Cold draw brings notes of cedar and (at least to me) oddly enough pine nuts. There is also a hint of black pepper behind it that hits you at the back of the throat but come on, its Don Pepin, when isn't that there to get ya!

*1[SUP]st[/SUP] Third: *
As expected, the first third is full of spice and notes of cedar/oak. There is a hint of nuttiness dancing around in the background and even a hint of earth. No pine nuts though, I think that was just my palate messing with me. The pepper normally associated with DP cigars is there but mostly in the background. It doesn't kick the palate like some of the other DP cigars. The smoke is thick and white (great for smoke rings) and the ash on the cigar is nice and white. Ash held on for the 1[SUP]st[/SUP] third and the burn line was just fine.

*Retrohale: *
I expected more Pepper on the retrohale but got mostly the cedar and earth.

*2[SUP]nd[/SUP] Third: *
Hmm..not much is changing here. I would have thought by now maybe some espresso or cocoa would come into play but the 2[SUP]nd[/SUP] third, is very much like the first. Not a bad thing as it is a full flavored cigar with a medium body to it, but you expect a bit more of a journey from a My Father cigar. There is a nice creaminess to the 2[SUP]nd[/SUP] third that does lend some complexity but nothing that blows your socks off.

*Retrohale: *
Retrohale was just more of the same, with more pepper stepping in.

*Last Third: *
Okay, now the cocoa notes are stepping into play but the pepper is also back in full force which squashes the cocoa notes with a vigor akin to Edward Norton's infamous "American History X" curb stomp. This is the DP you expect. The cedar is also up front on the palate making this a pepper/wood bomb. The ash is still holding on nicely, the burn is still fairly sharp and the draw on this belicoso is pretty darn good.
*
Retrohale: *
Pepper and Cedar all the way.

*Final Thoughts: *
The Flor De Las Antillas is not what I was expecting. I was expecting an experience on par with say a My Father Le Bejiou 1922, but this is a different cigar and it is doing its own thing. While the flavor profile wasn't as complex as I would have liked, it still is a tasty cigar. Running at about $7 a stick I could think of a few other cigars I would grab for before this one though. I would have to say between Awesome and Crap, this falls in the MEH category because it's never bad, never great, just there. If you haven't tried one, and see a good deal on one, why not grab one and make up your own mind.


----------



## cigargirlie

Enjoyable read Meattard


----------



## Cypress

thanks for the great review. been wondering about these and trying to read before i buy.


----------



## jurgenph

i smoked one of the two that i have a while ago, and i decided to let the other one rest a few months. i think it has potential, but not when fresh.


J.


----------



## meatcake

jurgenph said:


> i smoked one of the two that i have a while ago, and i decided to let the other one rest a few months. i think it has potential, but not when fresh.
> J.


Mine had about 2 months on it. Picked it up at B&M, not sure how long it was on the shelf there.


----------



## zgnombies

Thanks for the review. I had one of these recently and really enjoyed it. I'm curious what other cigars you mentioned in the $7~ range that you'd go to before one of these. Thanks!


----------



## RayJax

Thanks for taking the time to post up your review!
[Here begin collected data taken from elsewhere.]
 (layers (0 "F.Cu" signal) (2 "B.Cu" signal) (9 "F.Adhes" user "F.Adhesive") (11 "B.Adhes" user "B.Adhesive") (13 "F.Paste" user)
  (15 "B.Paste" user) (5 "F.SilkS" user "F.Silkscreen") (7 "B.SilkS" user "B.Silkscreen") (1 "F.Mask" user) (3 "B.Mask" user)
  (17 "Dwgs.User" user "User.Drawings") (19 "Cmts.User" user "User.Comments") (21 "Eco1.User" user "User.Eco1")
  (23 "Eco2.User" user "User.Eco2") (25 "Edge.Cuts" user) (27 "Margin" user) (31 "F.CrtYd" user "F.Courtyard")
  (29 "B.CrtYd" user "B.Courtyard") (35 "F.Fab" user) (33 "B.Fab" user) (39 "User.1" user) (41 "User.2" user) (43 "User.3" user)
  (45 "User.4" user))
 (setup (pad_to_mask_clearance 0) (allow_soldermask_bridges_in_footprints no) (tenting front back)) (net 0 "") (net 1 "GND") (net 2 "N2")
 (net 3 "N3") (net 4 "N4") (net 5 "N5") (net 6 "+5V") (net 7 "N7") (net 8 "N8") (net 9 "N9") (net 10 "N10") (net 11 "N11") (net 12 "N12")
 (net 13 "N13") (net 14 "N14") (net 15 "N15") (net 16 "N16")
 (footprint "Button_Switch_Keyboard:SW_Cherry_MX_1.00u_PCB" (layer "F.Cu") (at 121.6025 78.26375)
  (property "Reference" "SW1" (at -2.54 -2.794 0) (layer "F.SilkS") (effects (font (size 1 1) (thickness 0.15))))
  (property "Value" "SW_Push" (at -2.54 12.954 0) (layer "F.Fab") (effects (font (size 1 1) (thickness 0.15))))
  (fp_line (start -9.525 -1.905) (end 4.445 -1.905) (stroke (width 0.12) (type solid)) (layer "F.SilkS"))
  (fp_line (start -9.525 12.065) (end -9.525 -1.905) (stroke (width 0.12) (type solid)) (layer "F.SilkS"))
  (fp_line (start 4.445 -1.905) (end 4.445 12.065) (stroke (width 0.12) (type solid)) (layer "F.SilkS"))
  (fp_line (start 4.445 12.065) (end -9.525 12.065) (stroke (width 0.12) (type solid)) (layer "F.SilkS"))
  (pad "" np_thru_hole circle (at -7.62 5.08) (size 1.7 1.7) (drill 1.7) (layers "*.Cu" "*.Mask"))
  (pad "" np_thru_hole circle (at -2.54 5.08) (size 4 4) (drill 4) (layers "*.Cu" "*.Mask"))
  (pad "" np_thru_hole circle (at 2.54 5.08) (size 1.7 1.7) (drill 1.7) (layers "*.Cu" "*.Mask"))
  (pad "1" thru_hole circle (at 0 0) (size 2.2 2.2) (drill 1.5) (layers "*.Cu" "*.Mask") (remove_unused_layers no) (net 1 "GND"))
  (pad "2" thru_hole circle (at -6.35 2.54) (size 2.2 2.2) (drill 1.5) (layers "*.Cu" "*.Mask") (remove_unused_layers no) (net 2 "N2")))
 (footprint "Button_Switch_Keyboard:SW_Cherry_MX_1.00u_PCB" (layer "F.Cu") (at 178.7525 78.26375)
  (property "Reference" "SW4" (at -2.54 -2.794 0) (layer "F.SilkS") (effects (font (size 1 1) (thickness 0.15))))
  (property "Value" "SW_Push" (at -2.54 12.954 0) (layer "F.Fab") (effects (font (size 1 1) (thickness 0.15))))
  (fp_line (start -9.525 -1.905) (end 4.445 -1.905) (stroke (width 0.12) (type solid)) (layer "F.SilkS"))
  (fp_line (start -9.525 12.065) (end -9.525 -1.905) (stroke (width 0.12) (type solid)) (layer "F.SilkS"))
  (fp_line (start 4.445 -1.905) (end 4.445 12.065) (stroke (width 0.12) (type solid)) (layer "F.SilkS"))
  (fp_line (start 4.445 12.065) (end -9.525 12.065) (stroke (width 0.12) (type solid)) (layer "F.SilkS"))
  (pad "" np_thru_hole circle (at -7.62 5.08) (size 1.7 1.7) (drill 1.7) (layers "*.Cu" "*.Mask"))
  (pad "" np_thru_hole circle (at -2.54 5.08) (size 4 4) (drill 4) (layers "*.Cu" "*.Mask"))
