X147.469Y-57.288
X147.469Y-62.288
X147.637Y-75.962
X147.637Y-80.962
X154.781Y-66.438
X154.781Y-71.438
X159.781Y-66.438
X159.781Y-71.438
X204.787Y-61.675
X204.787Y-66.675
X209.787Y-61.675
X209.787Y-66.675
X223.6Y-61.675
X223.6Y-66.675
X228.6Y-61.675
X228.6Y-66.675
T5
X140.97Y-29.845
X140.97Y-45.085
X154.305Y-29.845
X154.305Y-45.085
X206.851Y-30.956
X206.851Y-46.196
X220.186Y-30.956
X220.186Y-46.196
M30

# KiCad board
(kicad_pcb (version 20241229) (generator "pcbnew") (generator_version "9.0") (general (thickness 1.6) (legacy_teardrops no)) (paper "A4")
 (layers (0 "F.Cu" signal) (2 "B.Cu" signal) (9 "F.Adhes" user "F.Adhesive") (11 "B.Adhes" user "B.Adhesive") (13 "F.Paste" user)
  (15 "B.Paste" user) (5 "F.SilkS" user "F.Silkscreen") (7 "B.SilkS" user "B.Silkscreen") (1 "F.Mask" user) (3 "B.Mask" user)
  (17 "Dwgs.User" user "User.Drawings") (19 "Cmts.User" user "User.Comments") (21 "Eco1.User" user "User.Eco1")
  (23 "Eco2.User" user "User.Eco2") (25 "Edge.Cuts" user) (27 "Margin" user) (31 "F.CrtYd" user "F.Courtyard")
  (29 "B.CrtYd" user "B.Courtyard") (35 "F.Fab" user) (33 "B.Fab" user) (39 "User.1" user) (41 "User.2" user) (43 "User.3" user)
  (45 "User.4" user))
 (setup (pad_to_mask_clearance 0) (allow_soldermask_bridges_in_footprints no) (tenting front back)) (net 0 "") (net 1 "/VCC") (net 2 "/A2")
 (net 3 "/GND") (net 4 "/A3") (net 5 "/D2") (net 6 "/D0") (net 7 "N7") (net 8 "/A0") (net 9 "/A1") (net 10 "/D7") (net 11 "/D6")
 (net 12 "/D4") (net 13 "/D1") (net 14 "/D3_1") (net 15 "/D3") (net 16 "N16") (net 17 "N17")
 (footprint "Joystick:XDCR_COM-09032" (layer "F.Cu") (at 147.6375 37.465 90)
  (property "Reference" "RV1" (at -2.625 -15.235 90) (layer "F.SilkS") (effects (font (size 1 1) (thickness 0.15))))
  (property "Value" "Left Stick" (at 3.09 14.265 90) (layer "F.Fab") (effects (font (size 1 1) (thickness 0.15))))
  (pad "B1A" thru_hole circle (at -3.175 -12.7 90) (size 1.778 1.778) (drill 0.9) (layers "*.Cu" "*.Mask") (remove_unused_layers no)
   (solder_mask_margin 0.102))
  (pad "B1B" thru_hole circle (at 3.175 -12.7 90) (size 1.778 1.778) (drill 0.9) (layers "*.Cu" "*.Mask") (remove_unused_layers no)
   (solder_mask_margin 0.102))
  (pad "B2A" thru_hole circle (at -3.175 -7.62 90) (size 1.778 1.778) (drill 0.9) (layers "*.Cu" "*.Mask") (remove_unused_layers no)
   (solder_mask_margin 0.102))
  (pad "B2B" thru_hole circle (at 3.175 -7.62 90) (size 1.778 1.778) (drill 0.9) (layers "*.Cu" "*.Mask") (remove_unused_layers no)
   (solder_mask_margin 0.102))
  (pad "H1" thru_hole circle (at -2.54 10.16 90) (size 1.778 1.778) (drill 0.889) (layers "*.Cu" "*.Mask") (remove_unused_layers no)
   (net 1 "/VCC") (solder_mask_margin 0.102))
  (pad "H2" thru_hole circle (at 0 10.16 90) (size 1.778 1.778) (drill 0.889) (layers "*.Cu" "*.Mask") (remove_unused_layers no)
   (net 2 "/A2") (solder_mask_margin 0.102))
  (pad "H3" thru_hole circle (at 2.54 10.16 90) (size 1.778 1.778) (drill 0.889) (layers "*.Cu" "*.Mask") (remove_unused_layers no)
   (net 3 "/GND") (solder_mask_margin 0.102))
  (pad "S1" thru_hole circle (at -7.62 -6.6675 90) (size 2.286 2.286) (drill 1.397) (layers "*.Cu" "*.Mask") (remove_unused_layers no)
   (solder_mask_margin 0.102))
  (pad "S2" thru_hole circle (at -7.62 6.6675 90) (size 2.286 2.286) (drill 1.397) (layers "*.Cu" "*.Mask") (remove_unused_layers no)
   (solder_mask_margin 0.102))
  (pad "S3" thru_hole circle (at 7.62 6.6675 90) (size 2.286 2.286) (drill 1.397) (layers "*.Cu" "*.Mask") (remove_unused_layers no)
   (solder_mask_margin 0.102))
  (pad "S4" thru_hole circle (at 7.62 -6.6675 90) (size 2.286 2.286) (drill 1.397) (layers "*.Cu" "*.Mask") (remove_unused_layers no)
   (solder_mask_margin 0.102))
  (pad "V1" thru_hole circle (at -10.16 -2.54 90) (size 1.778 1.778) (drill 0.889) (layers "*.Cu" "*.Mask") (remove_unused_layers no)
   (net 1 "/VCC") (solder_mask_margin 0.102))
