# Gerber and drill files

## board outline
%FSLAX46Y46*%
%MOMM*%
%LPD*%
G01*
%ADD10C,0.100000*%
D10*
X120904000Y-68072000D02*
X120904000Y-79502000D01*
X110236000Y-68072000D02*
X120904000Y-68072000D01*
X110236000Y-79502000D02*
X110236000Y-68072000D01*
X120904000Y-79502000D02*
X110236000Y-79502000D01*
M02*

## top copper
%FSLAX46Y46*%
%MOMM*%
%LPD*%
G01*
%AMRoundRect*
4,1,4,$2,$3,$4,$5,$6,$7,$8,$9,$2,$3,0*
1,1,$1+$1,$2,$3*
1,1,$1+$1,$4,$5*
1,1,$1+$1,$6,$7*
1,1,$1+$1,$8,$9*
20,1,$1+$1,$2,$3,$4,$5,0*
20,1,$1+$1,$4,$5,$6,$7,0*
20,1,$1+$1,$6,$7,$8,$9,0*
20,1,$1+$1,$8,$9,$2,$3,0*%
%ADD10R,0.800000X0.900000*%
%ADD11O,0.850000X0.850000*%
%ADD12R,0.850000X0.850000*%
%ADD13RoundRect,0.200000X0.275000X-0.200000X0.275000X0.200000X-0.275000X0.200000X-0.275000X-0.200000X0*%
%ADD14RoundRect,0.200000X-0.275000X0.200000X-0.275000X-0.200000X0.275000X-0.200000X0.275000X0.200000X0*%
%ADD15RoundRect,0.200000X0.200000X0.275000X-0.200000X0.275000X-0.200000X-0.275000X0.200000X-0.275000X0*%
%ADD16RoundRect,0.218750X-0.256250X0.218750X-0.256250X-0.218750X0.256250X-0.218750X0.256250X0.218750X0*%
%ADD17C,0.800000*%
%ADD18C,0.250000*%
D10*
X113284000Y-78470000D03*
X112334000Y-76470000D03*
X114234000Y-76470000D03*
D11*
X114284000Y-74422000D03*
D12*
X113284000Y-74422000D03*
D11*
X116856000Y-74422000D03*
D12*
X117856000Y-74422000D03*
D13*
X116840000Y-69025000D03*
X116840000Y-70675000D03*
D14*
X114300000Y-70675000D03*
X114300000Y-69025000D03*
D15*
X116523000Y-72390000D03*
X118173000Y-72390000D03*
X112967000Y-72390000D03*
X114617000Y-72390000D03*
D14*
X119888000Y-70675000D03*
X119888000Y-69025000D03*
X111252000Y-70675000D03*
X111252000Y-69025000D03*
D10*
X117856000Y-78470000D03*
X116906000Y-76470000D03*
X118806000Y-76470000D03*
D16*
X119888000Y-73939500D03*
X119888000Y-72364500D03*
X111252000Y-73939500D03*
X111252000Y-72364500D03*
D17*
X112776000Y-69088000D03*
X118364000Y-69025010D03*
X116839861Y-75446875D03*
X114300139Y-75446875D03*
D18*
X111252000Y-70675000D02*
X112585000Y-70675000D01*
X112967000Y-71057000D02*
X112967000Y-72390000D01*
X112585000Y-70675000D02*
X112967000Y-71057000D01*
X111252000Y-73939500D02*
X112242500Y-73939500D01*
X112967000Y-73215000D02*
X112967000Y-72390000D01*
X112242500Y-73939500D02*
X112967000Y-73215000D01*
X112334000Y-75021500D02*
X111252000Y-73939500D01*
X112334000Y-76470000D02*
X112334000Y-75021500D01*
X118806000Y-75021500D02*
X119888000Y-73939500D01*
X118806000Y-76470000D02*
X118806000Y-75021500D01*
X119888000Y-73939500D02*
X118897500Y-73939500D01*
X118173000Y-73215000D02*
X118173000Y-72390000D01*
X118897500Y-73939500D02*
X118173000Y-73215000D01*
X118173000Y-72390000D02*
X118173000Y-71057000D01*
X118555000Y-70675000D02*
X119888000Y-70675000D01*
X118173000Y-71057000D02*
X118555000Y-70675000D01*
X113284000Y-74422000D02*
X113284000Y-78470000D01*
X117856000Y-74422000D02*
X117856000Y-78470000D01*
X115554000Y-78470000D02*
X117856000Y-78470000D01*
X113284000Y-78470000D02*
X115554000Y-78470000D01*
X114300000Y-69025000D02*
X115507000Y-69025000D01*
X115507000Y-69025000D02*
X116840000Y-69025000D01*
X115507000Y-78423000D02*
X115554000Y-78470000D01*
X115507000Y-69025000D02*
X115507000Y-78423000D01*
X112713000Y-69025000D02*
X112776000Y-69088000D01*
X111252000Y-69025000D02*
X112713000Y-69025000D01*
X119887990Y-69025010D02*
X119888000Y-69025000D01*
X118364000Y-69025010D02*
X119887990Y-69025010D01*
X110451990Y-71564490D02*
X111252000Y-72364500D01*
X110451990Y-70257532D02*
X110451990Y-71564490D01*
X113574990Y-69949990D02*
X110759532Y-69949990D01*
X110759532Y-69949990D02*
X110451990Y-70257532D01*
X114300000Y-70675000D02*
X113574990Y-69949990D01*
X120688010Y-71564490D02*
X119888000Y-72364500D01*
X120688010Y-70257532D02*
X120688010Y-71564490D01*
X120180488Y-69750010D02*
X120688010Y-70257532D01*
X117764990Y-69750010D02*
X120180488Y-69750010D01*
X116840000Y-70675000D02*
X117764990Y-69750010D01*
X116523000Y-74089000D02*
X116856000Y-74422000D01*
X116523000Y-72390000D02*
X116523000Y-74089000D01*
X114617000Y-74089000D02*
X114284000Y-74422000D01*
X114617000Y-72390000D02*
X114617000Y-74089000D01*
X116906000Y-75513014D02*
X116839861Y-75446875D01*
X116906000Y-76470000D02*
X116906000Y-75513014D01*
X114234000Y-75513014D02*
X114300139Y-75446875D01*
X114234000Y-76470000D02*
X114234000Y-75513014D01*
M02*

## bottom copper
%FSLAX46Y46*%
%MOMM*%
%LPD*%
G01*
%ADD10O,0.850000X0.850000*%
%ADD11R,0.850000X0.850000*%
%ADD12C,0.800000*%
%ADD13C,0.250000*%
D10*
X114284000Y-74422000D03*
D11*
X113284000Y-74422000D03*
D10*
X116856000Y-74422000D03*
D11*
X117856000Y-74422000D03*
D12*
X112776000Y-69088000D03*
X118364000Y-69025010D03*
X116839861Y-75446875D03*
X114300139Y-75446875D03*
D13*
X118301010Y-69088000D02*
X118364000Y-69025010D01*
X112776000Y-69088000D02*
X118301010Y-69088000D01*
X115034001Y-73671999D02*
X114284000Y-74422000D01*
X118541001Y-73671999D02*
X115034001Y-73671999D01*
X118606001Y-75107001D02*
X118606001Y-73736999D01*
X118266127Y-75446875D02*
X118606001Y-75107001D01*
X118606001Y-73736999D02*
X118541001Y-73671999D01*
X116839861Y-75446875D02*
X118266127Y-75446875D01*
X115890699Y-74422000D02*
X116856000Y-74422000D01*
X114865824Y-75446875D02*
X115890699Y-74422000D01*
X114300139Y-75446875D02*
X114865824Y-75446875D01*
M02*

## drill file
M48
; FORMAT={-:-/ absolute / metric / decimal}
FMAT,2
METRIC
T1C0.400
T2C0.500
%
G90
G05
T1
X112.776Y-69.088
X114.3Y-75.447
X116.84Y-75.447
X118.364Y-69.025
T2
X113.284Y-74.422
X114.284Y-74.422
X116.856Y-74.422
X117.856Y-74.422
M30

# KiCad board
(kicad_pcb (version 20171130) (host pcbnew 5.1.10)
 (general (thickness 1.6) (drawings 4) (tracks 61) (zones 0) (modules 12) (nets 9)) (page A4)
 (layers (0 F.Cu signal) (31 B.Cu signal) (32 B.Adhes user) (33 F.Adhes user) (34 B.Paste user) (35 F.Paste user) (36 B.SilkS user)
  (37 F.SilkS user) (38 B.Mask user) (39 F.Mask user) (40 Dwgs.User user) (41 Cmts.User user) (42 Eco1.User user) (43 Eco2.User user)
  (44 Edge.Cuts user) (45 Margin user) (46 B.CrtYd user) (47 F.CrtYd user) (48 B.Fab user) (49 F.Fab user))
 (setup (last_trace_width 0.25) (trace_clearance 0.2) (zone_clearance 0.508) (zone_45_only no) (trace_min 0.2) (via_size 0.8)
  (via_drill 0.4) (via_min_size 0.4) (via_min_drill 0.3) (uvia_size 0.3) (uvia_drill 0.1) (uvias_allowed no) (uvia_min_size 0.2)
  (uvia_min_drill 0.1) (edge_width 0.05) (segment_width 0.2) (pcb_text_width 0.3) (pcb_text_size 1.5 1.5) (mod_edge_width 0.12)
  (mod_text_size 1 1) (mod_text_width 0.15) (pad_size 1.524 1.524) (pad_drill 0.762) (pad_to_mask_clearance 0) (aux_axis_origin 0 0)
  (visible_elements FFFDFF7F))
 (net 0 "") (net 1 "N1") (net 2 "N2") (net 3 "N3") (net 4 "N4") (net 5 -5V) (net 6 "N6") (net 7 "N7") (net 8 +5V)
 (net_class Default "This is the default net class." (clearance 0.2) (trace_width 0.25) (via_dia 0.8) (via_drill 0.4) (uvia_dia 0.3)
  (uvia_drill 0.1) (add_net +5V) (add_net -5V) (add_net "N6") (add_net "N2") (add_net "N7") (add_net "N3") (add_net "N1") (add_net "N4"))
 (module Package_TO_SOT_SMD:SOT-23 (layer F.Cu) (at 113.284 77.47 270)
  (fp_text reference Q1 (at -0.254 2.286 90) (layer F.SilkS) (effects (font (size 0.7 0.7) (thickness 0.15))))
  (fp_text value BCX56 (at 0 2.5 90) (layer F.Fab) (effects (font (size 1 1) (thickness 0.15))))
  (pad 3 smd rect (at 1 0 270) (size 0.9 0.8) (layers F.Cu F.Paste F.Mask) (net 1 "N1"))
  (pad 2 smd rect (at -1 0.95 270) (size 0.9 0.8) (layers F.Cu F.Paste F.Mask) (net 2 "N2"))
  (pad 1 smd rect (at -1 -0.95 270) (size 0.9 0.8) (layers F.Cu F.Paste F.Mask) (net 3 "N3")))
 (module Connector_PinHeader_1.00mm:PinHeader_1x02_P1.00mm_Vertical (layer F.Cu) (at 113.284 74.422 90)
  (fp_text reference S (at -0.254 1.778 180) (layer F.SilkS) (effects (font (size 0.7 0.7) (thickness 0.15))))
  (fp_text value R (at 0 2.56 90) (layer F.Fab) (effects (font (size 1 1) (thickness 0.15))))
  (pad 2 thru_hole oval (at 0 1 90) (size 0.85 0.85) (drill 0.5) (layers *.Cu *.Mask) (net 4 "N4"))
  (pad 1 thru_hole rect (at 0 0 90) (size 0.85 0.85) (drill 0.5) (layers *.Cu *.Mask) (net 1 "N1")))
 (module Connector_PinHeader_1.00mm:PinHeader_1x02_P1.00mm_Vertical (layer F.Cu) (at 117.856 74.422 270)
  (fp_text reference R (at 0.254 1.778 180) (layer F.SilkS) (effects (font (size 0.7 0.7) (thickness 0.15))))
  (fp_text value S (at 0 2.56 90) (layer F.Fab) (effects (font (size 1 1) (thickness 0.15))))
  (pad 2 thru_hole oval (at 0 1 270) (size 0.85 0.85) (drill 0.5) (layers *.Cu *.Mask) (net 3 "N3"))
  (pad 1 thru_hole rect (at 0 0 270) (size 0.85 0.85) (drill 0.5) (layers *.Cu *.Mask) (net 1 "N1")))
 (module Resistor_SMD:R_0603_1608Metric (layer F.Cu) (at 116.84 69.85 90)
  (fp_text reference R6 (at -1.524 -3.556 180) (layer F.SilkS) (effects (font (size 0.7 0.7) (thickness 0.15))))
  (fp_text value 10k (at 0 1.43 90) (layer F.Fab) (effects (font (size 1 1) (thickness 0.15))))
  (pad 2 smd roundrect (at 0.825 0 90) (size 0.8 0.95) (layers F.Cu F.Paste F.Mask) (roundrect_rratio 0.25) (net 1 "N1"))
  (pad 1 smd roundrect (at -0.825 0 90) (size 0.8 0.95) (layers F.Cu F.Paste F.Mask) (roundrect_rratio 0.25) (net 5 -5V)))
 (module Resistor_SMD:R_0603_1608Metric (layer F.Cu) (at 114.3 69.85 270)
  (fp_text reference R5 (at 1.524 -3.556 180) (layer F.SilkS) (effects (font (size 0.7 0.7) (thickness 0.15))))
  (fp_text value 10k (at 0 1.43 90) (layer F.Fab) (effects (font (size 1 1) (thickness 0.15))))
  (pad 2 smd roundrect (at 0.825 0 270) (size 0.8 0.95) (layers F.Cu F.Paste F.Mask) (roundrect_rratio 0.25) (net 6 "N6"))
  (pad 1 smd roundrect (at -0.825 0 270) (size 0.8 0.95) (layers F.Cu F.Paste F.Mask) (roundrect_rratio 0.25) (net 1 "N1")))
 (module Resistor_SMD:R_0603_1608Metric (layer F.Cu) (at 117.348 72.39 180)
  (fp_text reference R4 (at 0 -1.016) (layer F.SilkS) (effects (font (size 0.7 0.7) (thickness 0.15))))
I picked up a 5pk at a My Father event. The 5pk had several different vitolas. I haven't really jumped into the My Father brand much at all and need to go ahead and lite one of these up. After reading your review I hope to have a some what better experience based on my sticks resting well over 6 months now! i just flat out forgot about the dang things!

Thanks again!


----------



## loulax07

Still can't see how this was rated #1 by CA.


----------



## rangerdavid

I haven't seen one review yet that said that said these were awesome, or well worth the rating. I like the My Father cigars, and probably have 10-12 hanging around, but not this one. Might have to grab one just for the heck of it.


----------



## TCBSmokes

Nice Review. I tried one recently which I picked up at a local Tinder Box (Raleigh, NC). I didn't get all the nuances you mentioned, but then again, I never do with any smoke. My overall impression however was that it looked great, felt good, was well-constructed, burned evenly and was medium-bodied with a not atypical improvement in richness along the way, and enjoyable right down to the nub. Overall, a very worthy $7-$8 cigar in my opinion, and one I would add a supply of next to my Avo Domaines. Next up soon will be a Warlock robusto, 9th in CA's ratings for 2011.


----------



## piperdown

Hummm, my buddy raves about them but I haven't tried one yet.
May have to jump down to one of the local B&M's and grab two.


----------



## Merovius

I found them to be quite enjoyable but not amazing. Certainly not worth the top spot imo.


----------



## rangerdavid

picked up some the other day at JR's. Buy 5 get one free. They are resting now, awaiting my lighter!!!!


----------



## huynha

Got a few sitting in my humi for the past 2 months, can't wait.


----------



## ldman

Got one of these in a sampler. Smoked it today. You pretty much nailed it. There's others I have tried that I like better. But I wouldn't mind having another in my Humi.


----------



## meatcake

ldman said:


> Got one of these in a sampler. Smoked it today. You pretty much nailed it. There's others I have tried that I like better. But I wouldn't mind having another in my Humi.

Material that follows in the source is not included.